Only some lines are wanted. Transcribe, exactly, the lines below from the line with "(net 5 SDA)" up to and including the line with "X165852500Y-116681250D03*".
= = = = =
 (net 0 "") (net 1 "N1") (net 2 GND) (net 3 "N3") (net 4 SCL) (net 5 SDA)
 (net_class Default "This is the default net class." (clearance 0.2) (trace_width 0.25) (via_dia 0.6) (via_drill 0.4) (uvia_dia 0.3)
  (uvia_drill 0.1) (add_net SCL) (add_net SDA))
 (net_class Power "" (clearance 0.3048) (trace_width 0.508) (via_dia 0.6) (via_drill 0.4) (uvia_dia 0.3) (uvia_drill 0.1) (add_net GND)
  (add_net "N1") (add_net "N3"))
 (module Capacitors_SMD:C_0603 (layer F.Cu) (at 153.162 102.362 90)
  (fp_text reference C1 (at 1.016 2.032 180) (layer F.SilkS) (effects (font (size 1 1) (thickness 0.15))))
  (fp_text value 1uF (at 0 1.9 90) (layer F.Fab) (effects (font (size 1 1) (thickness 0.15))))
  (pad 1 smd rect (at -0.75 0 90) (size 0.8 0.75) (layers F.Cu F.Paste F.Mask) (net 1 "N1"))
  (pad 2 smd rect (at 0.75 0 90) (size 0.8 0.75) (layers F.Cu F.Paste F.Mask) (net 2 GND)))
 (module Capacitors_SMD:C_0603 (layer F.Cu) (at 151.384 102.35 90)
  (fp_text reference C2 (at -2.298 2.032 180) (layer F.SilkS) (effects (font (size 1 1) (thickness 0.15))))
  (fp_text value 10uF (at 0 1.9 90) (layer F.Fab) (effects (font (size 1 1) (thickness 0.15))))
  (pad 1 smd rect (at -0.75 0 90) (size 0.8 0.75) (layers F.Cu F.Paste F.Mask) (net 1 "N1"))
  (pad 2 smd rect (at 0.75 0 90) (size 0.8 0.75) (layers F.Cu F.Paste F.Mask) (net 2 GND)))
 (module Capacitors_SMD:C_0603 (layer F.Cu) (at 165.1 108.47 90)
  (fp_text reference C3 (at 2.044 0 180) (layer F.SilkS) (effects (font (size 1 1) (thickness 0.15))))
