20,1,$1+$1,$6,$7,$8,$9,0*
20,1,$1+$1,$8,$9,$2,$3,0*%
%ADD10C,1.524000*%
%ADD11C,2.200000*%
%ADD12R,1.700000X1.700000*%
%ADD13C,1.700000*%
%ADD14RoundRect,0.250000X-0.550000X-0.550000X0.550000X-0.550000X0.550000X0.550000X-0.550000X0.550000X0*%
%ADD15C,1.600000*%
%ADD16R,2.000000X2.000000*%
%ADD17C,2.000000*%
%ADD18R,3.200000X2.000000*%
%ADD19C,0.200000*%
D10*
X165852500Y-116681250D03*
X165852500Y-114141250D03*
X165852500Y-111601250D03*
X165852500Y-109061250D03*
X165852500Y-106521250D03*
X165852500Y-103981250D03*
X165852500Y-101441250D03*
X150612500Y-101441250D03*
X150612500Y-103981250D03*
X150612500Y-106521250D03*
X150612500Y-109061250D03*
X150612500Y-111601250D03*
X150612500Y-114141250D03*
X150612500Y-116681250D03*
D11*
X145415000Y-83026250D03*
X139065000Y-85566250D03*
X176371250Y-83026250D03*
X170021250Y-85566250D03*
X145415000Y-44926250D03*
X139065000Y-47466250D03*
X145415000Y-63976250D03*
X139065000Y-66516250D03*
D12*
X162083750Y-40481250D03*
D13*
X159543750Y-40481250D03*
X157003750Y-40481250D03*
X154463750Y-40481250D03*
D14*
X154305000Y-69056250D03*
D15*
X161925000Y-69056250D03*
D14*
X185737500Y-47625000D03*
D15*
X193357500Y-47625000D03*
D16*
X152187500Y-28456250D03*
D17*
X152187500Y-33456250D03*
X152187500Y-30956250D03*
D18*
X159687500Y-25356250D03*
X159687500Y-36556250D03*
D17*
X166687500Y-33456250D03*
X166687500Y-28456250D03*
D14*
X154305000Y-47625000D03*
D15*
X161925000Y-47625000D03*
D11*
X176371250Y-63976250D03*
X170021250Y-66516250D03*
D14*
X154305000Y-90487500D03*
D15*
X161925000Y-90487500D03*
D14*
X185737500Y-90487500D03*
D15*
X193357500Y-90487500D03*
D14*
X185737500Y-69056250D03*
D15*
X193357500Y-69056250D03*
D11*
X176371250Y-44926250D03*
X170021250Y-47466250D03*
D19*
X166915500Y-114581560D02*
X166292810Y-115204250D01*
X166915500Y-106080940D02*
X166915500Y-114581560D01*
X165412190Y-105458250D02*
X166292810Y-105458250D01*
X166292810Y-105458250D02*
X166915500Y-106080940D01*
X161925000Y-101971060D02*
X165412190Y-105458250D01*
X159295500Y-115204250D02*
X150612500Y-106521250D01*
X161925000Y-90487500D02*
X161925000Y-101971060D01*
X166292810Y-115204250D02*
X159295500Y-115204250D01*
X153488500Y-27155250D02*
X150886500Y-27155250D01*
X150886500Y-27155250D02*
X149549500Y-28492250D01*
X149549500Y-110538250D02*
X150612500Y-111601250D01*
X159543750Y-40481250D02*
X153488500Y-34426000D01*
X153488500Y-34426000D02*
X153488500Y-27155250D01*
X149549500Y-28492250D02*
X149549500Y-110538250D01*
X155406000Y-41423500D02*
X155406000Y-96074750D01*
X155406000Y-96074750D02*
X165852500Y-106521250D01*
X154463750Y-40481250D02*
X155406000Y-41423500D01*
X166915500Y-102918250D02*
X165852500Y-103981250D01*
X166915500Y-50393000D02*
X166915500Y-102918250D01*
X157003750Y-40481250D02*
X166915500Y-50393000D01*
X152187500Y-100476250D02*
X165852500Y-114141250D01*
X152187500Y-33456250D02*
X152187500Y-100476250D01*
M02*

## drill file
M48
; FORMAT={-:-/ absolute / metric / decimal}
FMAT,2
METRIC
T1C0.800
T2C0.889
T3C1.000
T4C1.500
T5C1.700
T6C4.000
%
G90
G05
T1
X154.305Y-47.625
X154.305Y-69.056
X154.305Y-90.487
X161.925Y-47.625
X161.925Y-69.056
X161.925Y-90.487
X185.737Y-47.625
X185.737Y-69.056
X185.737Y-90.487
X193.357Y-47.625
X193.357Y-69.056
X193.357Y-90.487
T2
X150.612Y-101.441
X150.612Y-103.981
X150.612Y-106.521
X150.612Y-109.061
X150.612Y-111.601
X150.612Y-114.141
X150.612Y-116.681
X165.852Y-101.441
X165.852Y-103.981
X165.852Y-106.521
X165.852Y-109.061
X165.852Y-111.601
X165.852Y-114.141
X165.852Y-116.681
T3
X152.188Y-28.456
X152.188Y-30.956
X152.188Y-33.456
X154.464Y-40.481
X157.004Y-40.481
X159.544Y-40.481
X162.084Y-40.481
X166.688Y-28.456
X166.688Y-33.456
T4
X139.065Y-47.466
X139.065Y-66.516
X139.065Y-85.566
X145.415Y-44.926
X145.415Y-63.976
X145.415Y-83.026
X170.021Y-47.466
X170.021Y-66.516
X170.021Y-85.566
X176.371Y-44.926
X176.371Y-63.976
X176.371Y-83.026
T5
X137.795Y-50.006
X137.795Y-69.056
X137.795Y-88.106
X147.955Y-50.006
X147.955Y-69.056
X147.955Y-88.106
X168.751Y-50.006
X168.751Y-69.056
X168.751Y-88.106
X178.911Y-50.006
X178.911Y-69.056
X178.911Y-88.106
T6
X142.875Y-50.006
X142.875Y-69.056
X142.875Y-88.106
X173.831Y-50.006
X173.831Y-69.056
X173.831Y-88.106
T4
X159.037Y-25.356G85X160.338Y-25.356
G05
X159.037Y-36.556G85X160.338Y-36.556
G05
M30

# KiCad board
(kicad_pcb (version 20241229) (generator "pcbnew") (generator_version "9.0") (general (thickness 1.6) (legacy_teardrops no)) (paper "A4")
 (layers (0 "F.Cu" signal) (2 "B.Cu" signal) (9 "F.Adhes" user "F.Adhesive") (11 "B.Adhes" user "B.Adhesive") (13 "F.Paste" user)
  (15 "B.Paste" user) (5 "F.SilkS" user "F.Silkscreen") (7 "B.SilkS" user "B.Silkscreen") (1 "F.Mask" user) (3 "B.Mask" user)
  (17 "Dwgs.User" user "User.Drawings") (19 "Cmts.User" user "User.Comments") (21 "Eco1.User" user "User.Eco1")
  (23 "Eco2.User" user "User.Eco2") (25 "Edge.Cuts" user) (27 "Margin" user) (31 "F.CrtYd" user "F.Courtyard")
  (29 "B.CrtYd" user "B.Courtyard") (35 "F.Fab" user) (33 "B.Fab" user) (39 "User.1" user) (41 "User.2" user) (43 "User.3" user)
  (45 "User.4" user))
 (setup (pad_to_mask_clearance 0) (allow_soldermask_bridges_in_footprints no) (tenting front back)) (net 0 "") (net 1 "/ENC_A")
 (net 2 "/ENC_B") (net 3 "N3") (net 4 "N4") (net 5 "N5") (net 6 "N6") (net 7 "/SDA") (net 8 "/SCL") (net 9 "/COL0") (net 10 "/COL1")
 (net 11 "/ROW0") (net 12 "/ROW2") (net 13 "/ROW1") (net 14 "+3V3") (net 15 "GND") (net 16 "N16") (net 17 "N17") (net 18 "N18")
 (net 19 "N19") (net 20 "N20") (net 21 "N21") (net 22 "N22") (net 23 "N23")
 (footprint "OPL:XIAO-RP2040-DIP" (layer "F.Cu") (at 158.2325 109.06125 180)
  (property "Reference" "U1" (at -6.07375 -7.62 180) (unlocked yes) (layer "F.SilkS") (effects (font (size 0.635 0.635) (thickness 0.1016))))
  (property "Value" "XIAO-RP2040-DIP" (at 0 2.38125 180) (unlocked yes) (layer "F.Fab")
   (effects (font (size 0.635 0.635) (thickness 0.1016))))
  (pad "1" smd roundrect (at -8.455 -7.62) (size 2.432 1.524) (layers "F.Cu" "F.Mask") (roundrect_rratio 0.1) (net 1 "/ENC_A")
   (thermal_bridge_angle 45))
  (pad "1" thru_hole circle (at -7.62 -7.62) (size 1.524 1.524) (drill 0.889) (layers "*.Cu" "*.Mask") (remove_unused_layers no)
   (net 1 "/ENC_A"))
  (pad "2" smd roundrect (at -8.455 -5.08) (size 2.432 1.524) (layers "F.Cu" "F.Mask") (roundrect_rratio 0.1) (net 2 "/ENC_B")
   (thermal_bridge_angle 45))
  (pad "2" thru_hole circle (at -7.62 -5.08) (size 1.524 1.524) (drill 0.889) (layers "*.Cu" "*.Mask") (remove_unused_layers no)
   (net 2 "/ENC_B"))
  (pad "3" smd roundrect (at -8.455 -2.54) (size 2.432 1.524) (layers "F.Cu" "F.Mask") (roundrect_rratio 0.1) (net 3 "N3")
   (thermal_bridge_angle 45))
= = = = =
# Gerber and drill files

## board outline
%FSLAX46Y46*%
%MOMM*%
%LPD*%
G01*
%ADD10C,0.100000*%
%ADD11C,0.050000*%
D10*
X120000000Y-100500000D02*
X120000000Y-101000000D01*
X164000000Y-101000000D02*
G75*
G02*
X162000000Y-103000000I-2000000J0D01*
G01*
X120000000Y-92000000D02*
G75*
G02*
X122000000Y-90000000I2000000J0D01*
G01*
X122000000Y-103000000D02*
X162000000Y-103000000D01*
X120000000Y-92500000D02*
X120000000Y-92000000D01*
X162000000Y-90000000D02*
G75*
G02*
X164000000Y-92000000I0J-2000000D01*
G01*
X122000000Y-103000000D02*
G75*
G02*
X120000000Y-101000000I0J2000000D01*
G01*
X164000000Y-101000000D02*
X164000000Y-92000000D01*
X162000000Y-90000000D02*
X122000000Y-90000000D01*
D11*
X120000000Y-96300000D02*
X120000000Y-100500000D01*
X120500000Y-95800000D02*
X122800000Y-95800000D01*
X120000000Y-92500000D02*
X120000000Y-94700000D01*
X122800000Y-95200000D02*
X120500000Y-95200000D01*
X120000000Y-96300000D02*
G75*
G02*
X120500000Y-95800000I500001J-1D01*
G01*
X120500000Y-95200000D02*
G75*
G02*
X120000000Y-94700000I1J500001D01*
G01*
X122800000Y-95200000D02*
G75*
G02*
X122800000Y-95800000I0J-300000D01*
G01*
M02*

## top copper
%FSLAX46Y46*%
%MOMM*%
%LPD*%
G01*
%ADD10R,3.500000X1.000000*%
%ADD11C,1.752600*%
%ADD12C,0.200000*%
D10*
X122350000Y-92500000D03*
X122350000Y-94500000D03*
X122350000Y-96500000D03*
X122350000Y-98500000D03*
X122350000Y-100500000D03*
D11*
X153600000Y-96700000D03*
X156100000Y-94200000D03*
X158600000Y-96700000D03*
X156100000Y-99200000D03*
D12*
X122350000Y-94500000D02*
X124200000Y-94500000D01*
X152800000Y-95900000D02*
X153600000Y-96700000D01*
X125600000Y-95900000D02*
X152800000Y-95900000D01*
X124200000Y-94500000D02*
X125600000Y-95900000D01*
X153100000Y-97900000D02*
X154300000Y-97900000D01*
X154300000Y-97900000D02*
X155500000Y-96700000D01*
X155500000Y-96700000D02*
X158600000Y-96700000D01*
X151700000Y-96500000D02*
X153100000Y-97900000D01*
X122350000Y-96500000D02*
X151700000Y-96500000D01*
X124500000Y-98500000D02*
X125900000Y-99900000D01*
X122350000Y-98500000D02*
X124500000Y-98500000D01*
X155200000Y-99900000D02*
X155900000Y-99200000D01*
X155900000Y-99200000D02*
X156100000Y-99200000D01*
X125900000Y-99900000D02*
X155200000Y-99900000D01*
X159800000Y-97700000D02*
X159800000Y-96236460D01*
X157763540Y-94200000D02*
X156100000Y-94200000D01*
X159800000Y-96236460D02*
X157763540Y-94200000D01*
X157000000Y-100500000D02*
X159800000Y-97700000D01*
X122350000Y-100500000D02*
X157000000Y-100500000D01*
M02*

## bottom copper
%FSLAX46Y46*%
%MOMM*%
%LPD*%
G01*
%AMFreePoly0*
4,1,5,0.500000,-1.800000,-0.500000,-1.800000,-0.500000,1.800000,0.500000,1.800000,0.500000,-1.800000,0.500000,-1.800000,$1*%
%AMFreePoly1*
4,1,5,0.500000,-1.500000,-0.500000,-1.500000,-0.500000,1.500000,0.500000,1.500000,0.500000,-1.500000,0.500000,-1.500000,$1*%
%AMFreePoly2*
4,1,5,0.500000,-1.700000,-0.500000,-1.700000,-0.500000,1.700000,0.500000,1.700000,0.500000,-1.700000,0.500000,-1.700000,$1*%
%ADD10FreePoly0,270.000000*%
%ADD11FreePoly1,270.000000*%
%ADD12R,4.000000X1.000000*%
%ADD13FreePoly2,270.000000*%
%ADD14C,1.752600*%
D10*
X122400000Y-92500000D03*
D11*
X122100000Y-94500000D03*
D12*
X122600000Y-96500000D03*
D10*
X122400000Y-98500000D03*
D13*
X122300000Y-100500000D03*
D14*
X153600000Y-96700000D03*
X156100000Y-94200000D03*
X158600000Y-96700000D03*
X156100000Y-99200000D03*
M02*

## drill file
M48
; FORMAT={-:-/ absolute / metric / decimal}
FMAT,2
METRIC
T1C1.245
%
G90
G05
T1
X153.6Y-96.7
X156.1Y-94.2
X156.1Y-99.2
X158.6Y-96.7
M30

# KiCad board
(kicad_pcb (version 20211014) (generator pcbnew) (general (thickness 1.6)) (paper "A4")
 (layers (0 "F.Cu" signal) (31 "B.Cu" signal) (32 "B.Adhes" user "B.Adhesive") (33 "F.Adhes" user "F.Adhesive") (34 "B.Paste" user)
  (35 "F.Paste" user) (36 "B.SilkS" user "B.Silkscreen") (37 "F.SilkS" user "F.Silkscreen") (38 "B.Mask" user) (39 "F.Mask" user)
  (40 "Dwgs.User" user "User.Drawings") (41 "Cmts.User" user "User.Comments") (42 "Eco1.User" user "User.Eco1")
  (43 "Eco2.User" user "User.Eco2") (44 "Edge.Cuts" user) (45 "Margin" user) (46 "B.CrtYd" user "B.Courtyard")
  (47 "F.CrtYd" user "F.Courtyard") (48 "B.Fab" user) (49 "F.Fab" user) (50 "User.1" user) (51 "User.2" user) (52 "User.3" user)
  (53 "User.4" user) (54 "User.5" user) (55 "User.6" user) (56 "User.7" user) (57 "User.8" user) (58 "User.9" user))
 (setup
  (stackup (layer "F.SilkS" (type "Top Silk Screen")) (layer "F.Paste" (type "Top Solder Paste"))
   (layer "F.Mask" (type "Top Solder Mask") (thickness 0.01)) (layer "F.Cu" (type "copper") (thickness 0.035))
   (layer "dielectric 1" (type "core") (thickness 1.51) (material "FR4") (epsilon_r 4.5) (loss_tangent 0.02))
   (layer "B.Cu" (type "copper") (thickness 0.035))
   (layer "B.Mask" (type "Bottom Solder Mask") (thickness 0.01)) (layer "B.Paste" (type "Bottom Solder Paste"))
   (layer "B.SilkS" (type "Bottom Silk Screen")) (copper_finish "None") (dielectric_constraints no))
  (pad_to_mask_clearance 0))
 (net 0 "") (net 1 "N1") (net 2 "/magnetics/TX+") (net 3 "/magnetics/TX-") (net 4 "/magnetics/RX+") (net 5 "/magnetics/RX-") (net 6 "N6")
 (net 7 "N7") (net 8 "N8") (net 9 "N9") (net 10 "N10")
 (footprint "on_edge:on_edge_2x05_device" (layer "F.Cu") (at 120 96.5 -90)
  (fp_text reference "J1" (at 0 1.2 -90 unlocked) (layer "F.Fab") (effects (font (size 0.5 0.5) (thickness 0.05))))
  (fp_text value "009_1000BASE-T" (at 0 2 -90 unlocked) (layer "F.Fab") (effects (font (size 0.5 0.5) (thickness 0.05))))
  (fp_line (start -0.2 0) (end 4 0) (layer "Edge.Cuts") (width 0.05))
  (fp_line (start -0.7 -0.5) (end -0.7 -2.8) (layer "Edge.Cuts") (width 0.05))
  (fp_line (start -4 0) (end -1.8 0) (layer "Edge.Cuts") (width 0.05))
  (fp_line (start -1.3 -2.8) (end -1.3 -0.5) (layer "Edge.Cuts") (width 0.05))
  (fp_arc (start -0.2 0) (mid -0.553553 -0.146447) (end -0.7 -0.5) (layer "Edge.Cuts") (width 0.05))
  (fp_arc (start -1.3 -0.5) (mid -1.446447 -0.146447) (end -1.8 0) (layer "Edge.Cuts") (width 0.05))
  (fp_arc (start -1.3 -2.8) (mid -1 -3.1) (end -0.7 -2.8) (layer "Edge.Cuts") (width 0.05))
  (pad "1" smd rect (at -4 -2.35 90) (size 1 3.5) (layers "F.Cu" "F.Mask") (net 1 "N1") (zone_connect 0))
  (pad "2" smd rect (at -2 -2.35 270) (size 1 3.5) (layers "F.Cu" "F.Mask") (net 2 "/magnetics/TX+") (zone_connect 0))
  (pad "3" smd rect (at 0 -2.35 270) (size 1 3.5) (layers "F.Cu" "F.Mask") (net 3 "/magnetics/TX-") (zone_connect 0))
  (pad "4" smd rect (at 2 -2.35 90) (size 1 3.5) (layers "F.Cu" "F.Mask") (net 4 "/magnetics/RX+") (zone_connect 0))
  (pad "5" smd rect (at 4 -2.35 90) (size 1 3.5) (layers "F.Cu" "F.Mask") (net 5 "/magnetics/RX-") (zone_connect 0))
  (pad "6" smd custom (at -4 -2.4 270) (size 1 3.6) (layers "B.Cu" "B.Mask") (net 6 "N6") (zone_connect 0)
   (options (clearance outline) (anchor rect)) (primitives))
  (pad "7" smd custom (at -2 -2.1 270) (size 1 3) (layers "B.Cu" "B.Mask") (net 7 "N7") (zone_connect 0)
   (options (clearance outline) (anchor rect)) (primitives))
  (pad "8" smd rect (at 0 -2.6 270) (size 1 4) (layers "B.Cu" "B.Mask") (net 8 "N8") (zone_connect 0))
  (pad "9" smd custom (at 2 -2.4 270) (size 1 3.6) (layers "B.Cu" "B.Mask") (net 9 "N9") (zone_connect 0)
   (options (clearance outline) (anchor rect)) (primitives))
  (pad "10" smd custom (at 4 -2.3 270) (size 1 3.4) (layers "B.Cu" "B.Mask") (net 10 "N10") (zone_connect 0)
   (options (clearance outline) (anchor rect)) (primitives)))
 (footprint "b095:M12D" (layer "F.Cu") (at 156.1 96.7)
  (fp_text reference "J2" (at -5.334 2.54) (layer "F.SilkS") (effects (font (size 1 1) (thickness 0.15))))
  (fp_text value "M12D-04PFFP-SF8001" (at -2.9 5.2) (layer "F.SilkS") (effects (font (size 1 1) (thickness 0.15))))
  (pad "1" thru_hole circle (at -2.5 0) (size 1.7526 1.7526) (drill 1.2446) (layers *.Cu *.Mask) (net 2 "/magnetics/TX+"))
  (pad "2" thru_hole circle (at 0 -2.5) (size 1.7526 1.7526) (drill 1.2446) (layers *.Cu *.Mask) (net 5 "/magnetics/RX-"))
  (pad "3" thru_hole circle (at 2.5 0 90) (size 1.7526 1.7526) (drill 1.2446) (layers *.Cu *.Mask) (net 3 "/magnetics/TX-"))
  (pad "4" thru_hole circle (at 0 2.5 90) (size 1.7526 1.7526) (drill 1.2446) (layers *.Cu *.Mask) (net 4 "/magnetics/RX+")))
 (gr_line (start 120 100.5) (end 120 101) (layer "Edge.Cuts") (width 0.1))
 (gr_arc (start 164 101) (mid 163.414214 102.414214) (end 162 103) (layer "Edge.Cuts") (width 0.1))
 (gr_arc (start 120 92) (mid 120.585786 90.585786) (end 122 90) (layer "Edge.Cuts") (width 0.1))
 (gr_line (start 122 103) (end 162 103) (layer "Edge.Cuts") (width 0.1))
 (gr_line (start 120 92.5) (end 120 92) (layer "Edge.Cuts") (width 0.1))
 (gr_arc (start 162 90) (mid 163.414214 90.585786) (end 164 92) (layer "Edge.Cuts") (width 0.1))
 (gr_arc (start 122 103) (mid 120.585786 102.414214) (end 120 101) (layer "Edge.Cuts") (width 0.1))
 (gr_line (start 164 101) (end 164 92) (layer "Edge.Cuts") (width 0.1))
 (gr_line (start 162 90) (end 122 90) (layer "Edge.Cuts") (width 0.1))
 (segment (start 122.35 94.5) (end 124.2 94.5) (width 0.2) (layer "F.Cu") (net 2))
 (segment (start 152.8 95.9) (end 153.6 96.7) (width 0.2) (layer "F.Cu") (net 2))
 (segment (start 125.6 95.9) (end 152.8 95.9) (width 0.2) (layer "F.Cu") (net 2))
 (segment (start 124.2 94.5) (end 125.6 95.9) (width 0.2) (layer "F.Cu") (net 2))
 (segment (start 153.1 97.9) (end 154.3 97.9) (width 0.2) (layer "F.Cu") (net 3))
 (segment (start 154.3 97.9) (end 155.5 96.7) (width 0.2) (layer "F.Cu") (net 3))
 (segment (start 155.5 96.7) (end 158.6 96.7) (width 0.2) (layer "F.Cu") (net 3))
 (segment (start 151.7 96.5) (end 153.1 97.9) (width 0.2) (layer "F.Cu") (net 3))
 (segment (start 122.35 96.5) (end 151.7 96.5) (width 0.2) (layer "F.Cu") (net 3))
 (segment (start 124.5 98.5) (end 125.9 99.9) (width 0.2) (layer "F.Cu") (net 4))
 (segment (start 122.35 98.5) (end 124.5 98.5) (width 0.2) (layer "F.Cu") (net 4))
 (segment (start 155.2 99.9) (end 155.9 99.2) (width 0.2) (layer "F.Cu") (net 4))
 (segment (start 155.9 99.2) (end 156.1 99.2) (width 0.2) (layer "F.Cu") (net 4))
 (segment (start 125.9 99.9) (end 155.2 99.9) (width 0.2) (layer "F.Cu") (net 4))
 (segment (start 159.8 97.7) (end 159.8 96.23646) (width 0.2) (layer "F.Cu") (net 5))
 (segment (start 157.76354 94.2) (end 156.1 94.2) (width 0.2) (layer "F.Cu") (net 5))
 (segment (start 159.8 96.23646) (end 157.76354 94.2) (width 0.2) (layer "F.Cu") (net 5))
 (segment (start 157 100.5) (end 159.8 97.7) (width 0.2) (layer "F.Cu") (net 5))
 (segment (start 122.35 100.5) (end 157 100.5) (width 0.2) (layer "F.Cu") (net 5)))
= = = = =
RESPONSE TO THIS TASK —
 (net 0 "") (net 1 "N1") (net 2 GND) (net 3 "N3") (net 4 SCL) (net 5 SDA)
 (net_class Default "This is the default net class." (clearance 0.2) (trace_width 0.25) (via_dia 0.6) (via_drill 0.4) (uvia_dia 0.3)
  (uvia_drill 0.1) (add_net SCL) (add_net SDA))
 (net_class Power "" (clearance 0.3048) (trace_width 0.508) (via_dia 0.6) (via_drill 0.4) (uvia_dia 0.3) (uvia_drill 0.1) (add_net GND)
  (add_net "N1") (add_net "N3"))
 (module Capacitors_SMD:C_0603 (layer F.Cu) (at 153.162 102.362 90)
  (fp_text reference C1 (at 1.016 2.032 180) (layer F.SilkS) (effects (font (size 1 1) (thickness 0.15))))
  (fp_text value 1uF (at 0 1.9 90) (layer F.Fab) (effects (font (size 1 1) (thickness 0.15))))
  (pad 1 smd rect (at -0.75 0 90) (size 0.8 0.75) (layers F.Cu F.Paste F.Mask) (net 1 "N1"))
  (pad 2 smd rect (at 0.75 0 90) (size 0.8 0.75) (layers F.Cu F.Paste F.Mask) (net 2 GND)))
 (module Capacitors_SMD:C_0603 (layer F.Cu) (at 151.384 102.35 90)
  (fp_text reference C2 (at -2.298 2.032 180) (layer F.SilkS) (effects (font (size 1 1) (thickness 0.15))))
  (fp_text value 10uF (at 0 1.9 90) (layer F.Fab) (effects (font (size 1 1) (thickness 0.15))))
  (pad 1 smd rect (at -0.75 0 90) (size 0.8 0.75) (layers F.Cu F.Paste F.Mask) (net 1 "N1"))
  (pad 2 smd rect (at 0.75 0 90) (size 0.8 0.75) (layers F.Cu F.Paste F.Mask) (net 2 GND)))
 (module Capacitors_SMD:C_0603 (layer F.Cu) (at 165.1 108.47 90)
  (fp_text reference C3 (at 2.044 0 180) (layer F.SilkS) (effects (font (size 1 1) (thickness 0.15))))
20,1,$1+$1,$6,$7,$8,$9,0*
20,1,$1+$1,$8,$9,$2,$3,0*%
%ADD10C,1.524000*%
%ADD11C,2.200000*%
%ADD12R,1.700000X1.700000*%
%ADD13C,1.700000*%
%ADD14RoundRect,0.250000X-0.550000X-0.550000X0.550000X-0.550000X0.550000X0.550000X-0.550000X0.550000X0*%
%ADD15C,1.600000*%
%ADD16R,2.000000X2.000000*%
%ADD17C,2.000000*%
%ADD18R,3.200000X2.000000*%
%ADD19C,0.200000*%
D10*
X165852500Y-116681250D03*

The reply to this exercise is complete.